If you watch his interview on Rick Beato's channel, this myth will fall apart. He plays guitar, had his own punk rock band and his guitar playing is featured on some high-profile records he produced. Also, he has a lot of practical experience with all kinds of studio equipment.


That’s exactly it. His taste isn’t in any one thing. It’s the esoteric and accumulated from a variety of things. You can’t package it up. That’s the point on the project specs. I can never get it right in one, but the arc over 100 becomes visible. Especially to an LLM that has the capacity to intake and understand that.


This is exactly it - the ultimate skill now is to be Rick Rubin with an LLM. Not a comfortable transition as a coder.


That's what linters are for. Linters can prevent SQL code from spilling out to code outside the model layer. Even more important when vibecoding.


Taste is mostly the part of the spec you forgot to write down, plus the part you couldn't write down even if you tried.


It makes me smile when runners use "X is a marathon, not a sprint" to hint at an effort that accumulates over time and an optimal use of energy.

I do it too because it's a common expression, and a marathon is of course longer than a sprint, but both have in common that properly raced, they are absolutely brutal efforts that leave you without a single additional drop at the end.

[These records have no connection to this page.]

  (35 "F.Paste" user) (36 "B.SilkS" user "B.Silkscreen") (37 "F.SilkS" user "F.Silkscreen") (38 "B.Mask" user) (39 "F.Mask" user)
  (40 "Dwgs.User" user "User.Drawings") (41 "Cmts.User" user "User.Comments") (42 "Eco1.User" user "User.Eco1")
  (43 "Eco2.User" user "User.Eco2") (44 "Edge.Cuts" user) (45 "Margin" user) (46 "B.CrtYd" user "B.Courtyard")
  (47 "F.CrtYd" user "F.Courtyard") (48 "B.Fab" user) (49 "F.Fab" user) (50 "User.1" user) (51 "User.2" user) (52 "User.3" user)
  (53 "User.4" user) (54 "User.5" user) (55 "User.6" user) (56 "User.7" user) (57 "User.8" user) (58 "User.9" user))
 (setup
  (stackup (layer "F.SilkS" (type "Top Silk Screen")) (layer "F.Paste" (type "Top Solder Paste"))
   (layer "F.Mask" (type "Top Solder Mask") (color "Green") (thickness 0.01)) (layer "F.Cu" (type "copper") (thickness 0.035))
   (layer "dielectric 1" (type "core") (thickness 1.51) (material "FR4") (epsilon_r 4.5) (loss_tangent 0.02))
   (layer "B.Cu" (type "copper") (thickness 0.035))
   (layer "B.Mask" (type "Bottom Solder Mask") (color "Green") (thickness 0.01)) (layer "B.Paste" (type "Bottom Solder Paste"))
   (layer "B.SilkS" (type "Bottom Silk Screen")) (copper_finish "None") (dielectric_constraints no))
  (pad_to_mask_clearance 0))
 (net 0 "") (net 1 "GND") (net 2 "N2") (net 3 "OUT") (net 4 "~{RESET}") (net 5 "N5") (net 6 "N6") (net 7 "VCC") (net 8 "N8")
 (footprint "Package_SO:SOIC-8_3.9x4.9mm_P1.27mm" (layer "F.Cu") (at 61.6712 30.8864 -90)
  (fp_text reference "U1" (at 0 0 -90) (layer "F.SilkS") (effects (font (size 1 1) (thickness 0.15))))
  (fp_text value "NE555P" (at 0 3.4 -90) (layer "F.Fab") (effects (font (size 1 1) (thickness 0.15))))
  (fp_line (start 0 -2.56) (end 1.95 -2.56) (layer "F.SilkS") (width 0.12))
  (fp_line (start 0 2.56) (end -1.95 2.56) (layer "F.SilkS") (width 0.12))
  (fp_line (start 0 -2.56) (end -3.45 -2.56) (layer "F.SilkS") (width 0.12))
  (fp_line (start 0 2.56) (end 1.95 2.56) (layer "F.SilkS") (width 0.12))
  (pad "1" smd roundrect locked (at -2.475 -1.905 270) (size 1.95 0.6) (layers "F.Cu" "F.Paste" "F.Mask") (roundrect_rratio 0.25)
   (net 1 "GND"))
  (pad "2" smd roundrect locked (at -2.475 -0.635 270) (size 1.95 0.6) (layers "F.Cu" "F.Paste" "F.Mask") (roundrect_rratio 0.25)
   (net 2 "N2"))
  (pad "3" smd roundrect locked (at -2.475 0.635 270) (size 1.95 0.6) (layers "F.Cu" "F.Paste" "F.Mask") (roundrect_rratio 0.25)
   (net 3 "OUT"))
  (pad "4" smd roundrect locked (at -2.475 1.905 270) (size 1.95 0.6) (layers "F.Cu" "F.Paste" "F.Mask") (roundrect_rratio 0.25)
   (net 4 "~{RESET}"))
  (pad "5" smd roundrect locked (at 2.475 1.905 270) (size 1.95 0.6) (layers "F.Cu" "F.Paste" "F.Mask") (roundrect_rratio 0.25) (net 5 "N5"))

The effort length and instantaneous power output changes, of course. Maybe "it's a marathon build, not the race" would be more precise at the loss of nearly all its expressive power (but with a lot more pedanticism points) :-p .

Nice project !


"The effort length and instantaneous power output changes, of course."

but that's what the phrase is meant to convey, right?

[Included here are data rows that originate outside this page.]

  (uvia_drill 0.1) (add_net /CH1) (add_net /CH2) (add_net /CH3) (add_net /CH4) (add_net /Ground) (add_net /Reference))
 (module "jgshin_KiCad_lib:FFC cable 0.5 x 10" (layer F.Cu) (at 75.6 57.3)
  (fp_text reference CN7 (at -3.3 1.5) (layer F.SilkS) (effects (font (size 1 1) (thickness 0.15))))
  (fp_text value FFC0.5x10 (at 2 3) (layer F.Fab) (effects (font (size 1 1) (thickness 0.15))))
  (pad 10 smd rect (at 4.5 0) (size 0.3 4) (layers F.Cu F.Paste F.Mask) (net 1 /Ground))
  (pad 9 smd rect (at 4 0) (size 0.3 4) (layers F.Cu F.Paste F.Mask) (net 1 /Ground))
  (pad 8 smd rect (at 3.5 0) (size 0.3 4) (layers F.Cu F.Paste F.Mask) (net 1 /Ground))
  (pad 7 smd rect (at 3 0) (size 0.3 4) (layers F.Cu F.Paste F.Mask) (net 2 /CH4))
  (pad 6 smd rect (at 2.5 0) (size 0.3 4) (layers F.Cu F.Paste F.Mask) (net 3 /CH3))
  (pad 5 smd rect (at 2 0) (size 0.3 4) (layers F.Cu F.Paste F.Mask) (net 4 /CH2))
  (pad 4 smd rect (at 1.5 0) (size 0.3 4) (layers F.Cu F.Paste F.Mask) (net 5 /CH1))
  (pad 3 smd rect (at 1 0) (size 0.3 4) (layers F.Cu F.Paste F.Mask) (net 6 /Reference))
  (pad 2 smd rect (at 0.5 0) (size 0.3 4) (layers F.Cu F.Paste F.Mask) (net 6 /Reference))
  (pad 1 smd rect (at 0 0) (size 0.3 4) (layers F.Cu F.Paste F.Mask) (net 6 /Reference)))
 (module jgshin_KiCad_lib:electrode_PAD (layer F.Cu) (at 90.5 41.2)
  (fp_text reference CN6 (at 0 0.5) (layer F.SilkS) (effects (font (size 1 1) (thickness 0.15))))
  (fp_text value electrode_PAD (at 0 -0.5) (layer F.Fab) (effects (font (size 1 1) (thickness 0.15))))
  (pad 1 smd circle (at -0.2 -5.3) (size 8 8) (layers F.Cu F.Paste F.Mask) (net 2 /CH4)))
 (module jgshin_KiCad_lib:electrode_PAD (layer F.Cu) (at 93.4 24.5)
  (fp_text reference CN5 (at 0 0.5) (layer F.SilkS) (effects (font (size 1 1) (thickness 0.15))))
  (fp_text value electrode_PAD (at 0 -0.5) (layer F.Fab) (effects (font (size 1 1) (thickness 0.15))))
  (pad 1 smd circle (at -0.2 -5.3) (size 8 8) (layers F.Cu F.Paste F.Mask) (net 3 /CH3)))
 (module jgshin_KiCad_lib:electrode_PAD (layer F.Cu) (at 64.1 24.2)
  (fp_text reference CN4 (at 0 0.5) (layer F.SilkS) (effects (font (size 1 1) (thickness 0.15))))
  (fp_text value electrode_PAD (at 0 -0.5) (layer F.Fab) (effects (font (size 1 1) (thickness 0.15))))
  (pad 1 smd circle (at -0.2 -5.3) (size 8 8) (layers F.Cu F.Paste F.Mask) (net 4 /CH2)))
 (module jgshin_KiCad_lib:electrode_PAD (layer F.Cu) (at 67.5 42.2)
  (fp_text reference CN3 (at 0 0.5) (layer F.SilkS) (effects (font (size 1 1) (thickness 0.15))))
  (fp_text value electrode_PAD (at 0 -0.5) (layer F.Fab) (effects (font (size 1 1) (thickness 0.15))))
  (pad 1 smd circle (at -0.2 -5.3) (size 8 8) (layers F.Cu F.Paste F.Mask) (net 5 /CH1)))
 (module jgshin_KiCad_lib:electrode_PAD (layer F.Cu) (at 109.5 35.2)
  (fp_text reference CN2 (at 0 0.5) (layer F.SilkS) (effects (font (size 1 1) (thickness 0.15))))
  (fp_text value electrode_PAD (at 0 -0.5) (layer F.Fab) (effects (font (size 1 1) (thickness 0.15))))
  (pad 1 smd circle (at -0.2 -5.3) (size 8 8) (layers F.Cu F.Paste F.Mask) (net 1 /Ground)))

Don't run through consumable X (energy/money/etc) like there's no tomorrow - even though there's <some big important milestone> now, we've got dozens more of those that we need to meet, so you're better off getting this one done at 75% than committing 100% to it and failing on all the others.

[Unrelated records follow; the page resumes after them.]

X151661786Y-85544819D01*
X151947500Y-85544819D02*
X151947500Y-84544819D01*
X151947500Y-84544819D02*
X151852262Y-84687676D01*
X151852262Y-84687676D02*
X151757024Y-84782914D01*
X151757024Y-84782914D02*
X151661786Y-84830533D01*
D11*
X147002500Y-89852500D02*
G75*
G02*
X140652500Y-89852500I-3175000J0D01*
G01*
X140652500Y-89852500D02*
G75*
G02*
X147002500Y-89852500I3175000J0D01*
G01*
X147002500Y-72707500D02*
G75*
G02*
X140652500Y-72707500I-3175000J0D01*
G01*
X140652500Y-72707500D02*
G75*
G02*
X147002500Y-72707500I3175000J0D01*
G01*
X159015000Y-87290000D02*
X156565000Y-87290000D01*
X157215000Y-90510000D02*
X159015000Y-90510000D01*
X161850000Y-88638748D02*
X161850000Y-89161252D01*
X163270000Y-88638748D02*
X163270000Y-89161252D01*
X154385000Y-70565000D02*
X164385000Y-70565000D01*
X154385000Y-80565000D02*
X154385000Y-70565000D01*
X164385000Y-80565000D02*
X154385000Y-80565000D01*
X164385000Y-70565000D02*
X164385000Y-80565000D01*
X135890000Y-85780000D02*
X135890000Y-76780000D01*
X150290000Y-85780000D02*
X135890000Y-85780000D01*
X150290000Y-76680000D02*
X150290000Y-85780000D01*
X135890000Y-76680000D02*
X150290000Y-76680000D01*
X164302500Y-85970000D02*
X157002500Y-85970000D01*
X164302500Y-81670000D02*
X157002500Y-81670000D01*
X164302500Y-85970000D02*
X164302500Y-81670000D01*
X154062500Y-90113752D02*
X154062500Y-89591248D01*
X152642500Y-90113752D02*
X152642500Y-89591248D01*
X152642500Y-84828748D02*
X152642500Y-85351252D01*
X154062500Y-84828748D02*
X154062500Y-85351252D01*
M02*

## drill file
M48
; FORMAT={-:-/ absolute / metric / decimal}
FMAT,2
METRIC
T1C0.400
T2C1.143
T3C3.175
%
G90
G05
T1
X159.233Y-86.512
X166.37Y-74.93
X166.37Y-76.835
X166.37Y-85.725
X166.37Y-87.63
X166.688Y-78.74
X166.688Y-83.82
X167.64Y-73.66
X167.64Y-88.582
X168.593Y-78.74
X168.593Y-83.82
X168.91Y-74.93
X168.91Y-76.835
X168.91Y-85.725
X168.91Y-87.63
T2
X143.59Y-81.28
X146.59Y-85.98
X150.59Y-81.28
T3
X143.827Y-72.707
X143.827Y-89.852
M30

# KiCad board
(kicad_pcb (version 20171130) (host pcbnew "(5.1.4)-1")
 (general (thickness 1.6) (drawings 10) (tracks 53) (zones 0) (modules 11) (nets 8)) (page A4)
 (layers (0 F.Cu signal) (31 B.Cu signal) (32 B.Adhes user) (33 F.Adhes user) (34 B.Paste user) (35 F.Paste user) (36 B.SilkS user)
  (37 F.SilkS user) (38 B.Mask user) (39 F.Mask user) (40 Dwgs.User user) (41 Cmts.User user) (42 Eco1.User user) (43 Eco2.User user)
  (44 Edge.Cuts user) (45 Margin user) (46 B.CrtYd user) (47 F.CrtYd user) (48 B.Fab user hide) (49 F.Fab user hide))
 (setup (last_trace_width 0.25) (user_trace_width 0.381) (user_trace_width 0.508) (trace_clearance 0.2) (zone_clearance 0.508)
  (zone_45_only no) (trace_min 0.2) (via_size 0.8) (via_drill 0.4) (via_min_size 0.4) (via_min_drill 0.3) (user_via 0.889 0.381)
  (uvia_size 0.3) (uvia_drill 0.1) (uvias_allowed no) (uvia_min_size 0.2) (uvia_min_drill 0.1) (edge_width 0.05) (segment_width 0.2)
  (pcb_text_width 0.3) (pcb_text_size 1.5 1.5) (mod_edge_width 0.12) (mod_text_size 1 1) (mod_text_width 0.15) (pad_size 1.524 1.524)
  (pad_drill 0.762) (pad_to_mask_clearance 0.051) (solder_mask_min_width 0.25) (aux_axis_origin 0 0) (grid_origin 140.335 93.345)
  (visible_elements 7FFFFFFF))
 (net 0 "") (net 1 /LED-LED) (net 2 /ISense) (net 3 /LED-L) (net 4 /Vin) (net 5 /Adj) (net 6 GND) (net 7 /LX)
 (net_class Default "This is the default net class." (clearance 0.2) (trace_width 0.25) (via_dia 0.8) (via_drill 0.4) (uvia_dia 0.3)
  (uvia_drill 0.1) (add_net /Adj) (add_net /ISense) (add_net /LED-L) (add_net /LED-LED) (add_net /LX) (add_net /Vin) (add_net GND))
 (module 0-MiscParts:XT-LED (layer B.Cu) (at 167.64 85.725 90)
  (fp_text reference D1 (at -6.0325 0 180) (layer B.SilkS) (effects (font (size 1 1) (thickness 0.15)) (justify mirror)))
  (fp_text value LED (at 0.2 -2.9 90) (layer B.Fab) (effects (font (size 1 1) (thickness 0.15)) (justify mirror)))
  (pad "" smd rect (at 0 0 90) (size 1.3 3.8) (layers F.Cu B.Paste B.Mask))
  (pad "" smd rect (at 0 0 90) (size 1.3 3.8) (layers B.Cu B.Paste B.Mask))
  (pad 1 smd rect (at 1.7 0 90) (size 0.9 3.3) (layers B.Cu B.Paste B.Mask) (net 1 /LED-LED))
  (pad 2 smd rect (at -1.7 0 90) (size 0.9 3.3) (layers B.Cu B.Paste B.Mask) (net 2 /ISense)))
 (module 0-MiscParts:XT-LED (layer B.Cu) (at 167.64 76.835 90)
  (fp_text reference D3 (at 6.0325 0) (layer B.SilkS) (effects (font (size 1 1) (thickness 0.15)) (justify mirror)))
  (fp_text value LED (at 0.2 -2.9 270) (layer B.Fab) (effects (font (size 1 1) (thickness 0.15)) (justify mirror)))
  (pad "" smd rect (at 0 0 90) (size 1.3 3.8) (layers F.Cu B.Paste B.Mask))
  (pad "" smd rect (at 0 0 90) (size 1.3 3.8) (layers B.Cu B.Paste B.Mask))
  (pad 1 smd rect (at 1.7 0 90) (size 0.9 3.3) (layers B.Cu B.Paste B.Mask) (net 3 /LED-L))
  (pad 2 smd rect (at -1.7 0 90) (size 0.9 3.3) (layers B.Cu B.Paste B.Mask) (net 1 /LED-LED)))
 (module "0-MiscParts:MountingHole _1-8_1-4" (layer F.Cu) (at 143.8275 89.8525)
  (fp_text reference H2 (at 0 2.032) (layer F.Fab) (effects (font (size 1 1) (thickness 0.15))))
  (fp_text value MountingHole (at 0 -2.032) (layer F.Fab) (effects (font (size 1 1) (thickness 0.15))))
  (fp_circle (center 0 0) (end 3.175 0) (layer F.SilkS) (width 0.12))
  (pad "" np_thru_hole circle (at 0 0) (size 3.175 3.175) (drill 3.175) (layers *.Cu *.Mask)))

Don't work 12 hour days to get milestone X out, because there are dozens more milestones so don't get burnt on trying to get this one out yesterday. It would probably be more like, don't use 200% to get this out and then quit or burn yourself to 0% or a few % in a year when we want you to extend and maintain this stuff.


Yeah you're right, I hear it more like "this is a week long hike, not a sprint" as if a marathon included rest. In any length of racing there's no tomorrow. But I'm doing tongue-in-cheek pedanticness here and will stop that right now !


I'd wager that if a manager says that they want you to take it more like a real marathon and less like long hike.


I like to think of testing as making sure things not wrong, but not making it right.

Working, useful, delightful, in that order. Testing can make things more likely to work, that's it.


the taste part for me is cutting what the agent generated. 200 lines come back, i keep 80, no test for which 80.


I think another important question is can you distill taste? (another comment uses the phrase "externalize", which might mean something similar).

I think people have been trying for the written word, with some degree of success (anti-slop skills). I have been trying for visuals, and it's pretty meh. It's easy to get a multimodal LLM to follow a style guide, but a style guide doesn't capture everything that accounts for taste. And anything that is dynamic (not a screenshot test) seems really hard or really expensive.


We can encode taste -- generative AI depends on it. Ask people to compare two examples and pick the one with better taste. You can even ask them to rate multiple subjective criteria at once. Use that to learn a scoring function based on the rating labels, and raw features. Now you can write tests.


> For example, my native Iceland had a nice mix of nature, historical sites and populated places.

You absolutely can unit test for taste, just put an agent into loop, and write into prompt what you like. Then do scoring...

Iceland is really bad example, it basically has one populated site (capital) and circular road that goes around the island.